Sich an Träume bewusst erinnern ist Übungssache. Zettel und Stift am Nachttisch sind da schon mal eine Gedankenstütze beim Aufwachen. Leider weiß ich die meisten meiner Träume noch sehr genau nach dem Aufwachen. Wenn es keine Bilder sind, dann ist es das Gefühl aus dem Traum das mir den ganzen Tag nachgeht. Da hilft nur noch Ablenkung. 
Die Sache mit den Sorgenpüppchen und den Imaginationsübungen sind Bestandteile der Verhaltenstherapie und Du hast recht, dass man dafür sich gut konzentrieren können muss.

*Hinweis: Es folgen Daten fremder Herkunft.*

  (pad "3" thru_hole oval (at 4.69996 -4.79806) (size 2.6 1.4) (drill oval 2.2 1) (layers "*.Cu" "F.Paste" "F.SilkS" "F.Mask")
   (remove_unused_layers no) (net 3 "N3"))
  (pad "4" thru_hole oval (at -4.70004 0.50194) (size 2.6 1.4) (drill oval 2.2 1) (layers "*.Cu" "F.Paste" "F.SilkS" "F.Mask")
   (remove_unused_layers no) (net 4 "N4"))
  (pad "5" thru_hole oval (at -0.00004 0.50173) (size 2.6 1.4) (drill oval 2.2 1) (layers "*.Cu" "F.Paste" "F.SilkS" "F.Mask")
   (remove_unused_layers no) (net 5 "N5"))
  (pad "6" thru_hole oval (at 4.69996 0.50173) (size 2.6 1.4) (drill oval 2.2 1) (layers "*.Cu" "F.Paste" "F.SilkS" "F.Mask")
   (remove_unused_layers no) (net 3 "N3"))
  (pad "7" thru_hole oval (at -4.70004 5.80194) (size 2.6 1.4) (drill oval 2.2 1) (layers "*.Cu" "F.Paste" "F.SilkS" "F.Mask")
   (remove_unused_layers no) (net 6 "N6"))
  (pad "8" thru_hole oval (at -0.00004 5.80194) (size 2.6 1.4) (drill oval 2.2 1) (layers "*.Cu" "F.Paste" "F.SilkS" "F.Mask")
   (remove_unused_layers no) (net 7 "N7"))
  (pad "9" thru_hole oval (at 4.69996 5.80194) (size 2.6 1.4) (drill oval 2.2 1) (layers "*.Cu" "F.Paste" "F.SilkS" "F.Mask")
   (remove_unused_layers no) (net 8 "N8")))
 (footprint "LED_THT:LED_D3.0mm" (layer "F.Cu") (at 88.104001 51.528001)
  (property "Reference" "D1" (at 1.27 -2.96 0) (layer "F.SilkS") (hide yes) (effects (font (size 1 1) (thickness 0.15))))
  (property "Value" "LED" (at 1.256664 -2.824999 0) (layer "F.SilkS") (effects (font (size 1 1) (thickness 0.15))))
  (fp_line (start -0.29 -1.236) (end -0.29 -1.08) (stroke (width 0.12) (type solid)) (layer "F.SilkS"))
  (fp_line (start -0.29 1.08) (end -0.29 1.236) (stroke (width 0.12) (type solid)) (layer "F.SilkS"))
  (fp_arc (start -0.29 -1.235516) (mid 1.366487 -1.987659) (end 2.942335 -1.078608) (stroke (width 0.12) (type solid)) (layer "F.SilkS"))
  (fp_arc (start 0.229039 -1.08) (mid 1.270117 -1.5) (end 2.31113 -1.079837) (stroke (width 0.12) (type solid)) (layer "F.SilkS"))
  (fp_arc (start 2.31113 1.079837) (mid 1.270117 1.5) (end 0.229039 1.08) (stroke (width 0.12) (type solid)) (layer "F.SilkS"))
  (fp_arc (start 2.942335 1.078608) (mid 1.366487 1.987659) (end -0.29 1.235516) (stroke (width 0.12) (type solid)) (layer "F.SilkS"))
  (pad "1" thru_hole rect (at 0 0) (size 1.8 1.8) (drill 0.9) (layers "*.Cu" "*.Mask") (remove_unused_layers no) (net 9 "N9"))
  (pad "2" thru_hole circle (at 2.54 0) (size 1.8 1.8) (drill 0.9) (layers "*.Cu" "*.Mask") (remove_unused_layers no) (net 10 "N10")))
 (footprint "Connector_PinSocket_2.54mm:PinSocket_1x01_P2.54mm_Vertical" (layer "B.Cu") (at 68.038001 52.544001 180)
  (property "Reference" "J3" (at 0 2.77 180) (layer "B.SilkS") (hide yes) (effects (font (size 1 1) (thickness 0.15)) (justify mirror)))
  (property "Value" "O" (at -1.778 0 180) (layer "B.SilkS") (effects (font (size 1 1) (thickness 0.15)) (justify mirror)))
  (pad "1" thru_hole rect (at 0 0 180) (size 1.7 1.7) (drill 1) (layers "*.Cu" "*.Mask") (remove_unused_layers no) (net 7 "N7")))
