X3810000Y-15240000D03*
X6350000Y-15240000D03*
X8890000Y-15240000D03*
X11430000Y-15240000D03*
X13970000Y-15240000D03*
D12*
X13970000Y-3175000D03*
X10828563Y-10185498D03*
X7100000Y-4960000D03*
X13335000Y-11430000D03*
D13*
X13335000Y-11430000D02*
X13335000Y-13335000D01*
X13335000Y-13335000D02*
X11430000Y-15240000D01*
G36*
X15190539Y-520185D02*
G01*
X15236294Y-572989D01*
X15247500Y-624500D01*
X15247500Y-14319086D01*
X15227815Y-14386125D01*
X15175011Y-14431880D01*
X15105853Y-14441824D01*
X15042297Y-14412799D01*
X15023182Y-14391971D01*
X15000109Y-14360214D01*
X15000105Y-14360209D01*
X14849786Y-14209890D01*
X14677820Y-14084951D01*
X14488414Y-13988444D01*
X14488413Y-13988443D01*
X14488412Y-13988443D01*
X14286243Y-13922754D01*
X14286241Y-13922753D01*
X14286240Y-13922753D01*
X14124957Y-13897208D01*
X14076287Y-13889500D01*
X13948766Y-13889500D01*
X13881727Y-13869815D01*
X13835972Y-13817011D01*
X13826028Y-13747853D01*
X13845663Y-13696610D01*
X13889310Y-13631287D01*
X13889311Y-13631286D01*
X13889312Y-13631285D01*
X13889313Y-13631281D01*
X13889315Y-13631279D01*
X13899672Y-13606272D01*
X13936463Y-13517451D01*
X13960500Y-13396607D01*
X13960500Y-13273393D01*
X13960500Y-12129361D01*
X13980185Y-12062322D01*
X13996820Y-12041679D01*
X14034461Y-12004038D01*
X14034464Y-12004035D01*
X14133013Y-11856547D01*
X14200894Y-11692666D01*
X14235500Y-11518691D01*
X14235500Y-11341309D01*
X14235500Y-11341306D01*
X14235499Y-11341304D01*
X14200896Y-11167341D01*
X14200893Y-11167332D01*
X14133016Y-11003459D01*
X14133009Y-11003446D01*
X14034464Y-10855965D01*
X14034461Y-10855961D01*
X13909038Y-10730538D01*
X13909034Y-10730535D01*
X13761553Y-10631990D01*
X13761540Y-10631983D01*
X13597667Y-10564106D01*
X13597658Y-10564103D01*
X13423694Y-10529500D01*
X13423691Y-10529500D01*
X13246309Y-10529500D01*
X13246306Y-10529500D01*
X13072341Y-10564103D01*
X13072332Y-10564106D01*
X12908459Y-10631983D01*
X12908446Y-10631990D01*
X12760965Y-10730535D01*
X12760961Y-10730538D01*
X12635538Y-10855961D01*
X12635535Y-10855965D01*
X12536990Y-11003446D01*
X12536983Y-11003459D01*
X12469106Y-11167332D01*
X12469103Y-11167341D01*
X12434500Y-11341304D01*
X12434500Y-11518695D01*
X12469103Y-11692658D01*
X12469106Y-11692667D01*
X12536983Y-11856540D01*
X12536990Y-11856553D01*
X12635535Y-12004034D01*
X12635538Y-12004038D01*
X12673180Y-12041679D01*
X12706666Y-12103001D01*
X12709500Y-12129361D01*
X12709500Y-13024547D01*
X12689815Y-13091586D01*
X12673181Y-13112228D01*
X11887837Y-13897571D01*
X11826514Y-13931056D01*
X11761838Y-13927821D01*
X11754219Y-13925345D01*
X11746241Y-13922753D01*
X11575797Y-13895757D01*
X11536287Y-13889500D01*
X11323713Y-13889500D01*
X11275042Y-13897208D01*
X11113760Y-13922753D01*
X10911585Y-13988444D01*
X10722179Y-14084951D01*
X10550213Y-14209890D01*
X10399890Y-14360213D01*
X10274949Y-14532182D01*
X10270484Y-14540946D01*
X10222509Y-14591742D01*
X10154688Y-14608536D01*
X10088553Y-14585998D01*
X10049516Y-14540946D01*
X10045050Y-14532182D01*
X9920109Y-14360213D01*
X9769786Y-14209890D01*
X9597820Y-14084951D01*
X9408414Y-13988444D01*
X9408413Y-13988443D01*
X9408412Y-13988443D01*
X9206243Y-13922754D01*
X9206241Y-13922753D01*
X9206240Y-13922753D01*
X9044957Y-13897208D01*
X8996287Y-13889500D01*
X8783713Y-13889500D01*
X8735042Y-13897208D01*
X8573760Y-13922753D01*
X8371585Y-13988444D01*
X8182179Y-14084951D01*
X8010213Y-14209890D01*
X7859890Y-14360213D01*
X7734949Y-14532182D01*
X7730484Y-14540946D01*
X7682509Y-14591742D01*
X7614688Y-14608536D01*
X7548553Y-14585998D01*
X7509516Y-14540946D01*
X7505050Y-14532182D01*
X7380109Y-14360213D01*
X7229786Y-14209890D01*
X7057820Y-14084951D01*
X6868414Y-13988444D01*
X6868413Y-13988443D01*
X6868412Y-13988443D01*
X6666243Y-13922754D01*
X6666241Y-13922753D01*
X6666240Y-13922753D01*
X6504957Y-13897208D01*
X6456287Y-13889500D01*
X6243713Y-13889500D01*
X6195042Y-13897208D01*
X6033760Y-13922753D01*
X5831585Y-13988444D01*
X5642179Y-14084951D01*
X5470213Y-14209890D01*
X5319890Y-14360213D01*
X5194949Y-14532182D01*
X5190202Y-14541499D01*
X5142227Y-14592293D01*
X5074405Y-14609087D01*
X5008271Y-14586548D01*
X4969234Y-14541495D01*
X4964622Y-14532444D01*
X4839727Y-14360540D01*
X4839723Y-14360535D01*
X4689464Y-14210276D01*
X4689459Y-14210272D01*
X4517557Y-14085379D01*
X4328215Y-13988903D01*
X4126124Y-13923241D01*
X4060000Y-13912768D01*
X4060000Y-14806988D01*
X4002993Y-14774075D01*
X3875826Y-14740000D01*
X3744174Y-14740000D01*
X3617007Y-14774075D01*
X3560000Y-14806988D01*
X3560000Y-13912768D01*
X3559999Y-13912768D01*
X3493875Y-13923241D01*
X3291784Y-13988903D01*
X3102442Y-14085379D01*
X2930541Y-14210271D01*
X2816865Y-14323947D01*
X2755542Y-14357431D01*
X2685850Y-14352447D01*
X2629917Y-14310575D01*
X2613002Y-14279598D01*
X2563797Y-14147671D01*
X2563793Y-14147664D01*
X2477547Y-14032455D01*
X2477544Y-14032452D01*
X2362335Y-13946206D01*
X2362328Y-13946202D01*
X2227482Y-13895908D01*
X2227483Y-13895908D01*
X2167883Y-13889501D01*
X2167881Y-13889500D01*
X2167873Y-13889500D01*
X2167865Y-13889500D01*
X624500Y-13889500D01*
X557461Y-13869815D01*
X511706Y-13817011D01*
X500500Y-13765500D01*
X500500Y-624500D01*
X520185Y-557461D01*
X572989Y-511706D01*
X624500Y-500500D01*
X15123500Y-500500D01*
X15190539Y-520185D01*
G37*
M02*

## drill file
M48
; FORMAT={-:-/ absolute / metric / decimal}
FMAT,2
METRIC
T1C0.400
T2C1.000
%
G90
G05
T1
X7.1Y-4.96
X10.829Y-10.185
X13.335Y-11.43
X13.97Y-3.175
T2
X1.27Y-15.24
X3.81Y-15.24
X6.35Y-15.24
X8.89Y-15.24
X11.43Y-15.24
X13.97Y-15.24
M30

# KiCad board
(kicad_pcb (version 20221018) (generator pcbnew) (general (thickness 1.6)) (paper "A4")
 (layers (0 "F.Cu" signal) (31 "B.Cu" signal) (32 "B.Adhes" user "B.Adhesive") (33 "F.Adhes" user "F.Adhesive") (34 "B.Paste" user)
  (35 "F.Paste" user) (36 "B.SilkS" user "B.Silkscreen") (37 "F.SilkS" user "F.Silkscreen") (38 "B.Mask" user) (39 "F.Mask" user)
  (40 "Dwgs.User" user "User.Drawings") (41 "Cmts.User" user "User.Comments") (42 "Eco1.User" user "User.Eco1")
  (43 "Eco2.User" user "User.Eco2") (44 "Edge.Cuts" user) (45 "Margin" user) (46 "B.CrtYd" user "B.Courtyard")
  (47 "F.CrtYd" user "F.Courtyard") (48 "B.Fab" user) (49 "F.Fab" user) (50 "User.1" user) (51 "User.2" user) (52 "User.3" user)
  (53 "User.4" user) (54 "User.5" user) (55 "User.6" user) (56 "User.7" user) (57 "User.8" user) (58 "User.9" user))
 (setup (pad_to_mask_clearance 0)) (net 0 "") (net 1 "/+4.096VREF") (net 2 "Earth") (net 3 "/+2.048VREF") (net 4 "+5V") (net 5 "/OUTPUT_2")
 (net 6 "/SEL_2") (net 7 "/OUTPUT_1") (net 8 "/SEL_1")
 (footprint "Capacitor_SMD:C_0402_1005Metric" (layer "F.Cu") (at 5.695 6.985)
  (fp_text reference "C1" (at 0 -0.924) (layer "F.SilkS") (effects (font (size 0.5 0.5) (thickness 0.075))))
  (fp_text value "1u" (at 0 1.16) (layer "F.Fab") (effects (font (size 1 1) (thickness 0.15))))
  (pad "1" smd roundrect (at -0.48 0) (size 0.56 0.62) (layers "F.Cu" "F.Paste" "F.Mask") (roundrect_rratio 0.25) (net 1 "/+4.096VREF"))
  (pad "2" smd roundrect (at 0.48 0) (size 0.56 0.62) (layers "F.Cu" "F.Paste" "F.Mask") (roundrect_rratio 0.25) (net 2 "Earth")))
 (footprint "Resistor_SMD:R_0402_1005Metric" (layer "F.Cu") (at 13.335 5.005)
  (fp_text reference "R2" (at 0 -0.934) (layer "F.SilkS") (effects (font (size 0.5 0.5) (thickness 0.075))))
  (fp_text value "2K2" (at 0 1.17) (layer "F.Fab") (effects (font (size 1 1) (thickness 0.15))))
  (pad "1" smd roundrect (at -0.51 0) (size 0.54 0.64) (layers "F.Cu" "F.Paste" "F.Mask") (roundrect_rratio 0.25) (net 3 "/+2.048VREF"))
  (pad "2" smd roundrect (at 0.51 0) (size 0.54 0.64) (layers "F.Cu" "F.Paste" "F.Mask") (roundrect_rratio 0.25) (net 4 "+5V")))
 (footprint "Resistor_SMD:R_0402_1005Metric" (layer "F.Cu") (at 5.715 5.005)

Es ist eine Übungssache - fast wie Laufen lernen - mit destruktiven Verhaltensstrukturen zu brechen.  Das Skillstraining ist vergleichbar mit dem 10-Schritte-Programm der AA´s.  Man darf es nicht mehr zum Akutfall kommen lassen, sondern vorher Gegenmaßnahmen ergreifen. 
Zum Thema Traumatherapie: Mein Therapeut ist der Meinung, dass ich zu instabil bin um bewusst die verschiedensten Traumatas erneut durchzuarbeiten. Er sieht die Gefahr, dass ich mich in den negativen Gefühlen und Erinnerungen verliere und suizidal werde. Ich bin immer noch chronisch latent suizidal. Allerdings bin ich jetzt seit knapp 3 Jahren SV-frei und hole mir Hilfe, wenn´s eng zu werden droht. Mein Ja zum Leben überwiegt mittlerweile. 
Deinen Vergleich mit dem Aufwachen aus einer Vollnarkose in Bezug auf die Derealisationszustände finde ich gar nicht schlecht!     
Bei meiner Mutter hatte ich mir unbezahlten Urlaub für die Pflege genommen und hab es auch ohne Pflegedienst geschafft. Unser damaliger Hausarzt war Gold wert.  Ich durfte das Morphium selber Spritzen. Brauchte ich aber nicht lange.  
Mein Vater ist rein körperlich noch relativ fit. Aktuell kümmere ich mich nur um den Haushalt, Wäsche und Essen kochen. Außerdem fahre ich ihn zu den Ärzten, schau drauf, dass er seine Medi´s nimmt - und bin einfach da um mir seine Sorgen und Ängste anzuhören. Er hat eine Freundin, die sich aber aufgrund seines schlechteren Gesundheitszustandes zurückgezogen hat. Von Zeit zu Zeit schaut sie mal über´s Wochenende bei ihm vorbei.  
Wenn ich in der Klinik bin schaut sich meine Tante, die neben uns wohnt und meine Schwestern bei meinem Vater um. Ich werde höchstwahrscheinlich am Wochenende heimfahren. Die Klinik ist nur eine Autostunde entfernt. 
Gestern Abend hatt ich mir vorgenommen mir einen neuen Therapeuten zu suchen, der mich mehr fordert. Heute hab ich von meinem Nervenarzt den Satz an den Kopf bekommen: "Ich glaube, Therapie ist Gift für sie." - Darüber werde ich mir jetzt mal Gedanken machen. 
Liebe Grüße - und auweia ist das wieder ein ewig langer Beitrag geworden - 
Leonie

----------


## Teetante

*Hi Leonie! 
Melde mich morgen ausführlicher, aber vielen Dank schon mal für Deine ausführliche Antwort! 
Wir müssen jetzt los, treffen uns mit dem Tauchverein, aber morgen vormittag hole ich wieder alles nach, versprochen!  
Liebe Grüße und Gute Nacht,  
Andrea*

----------


## Monsti

Hallo Leonie,  habe aufmerksam Dein Posting von eben gelesen und bin über den Satz gestolpert:   

> "Ich glaube, Therapie ist Gift für sie."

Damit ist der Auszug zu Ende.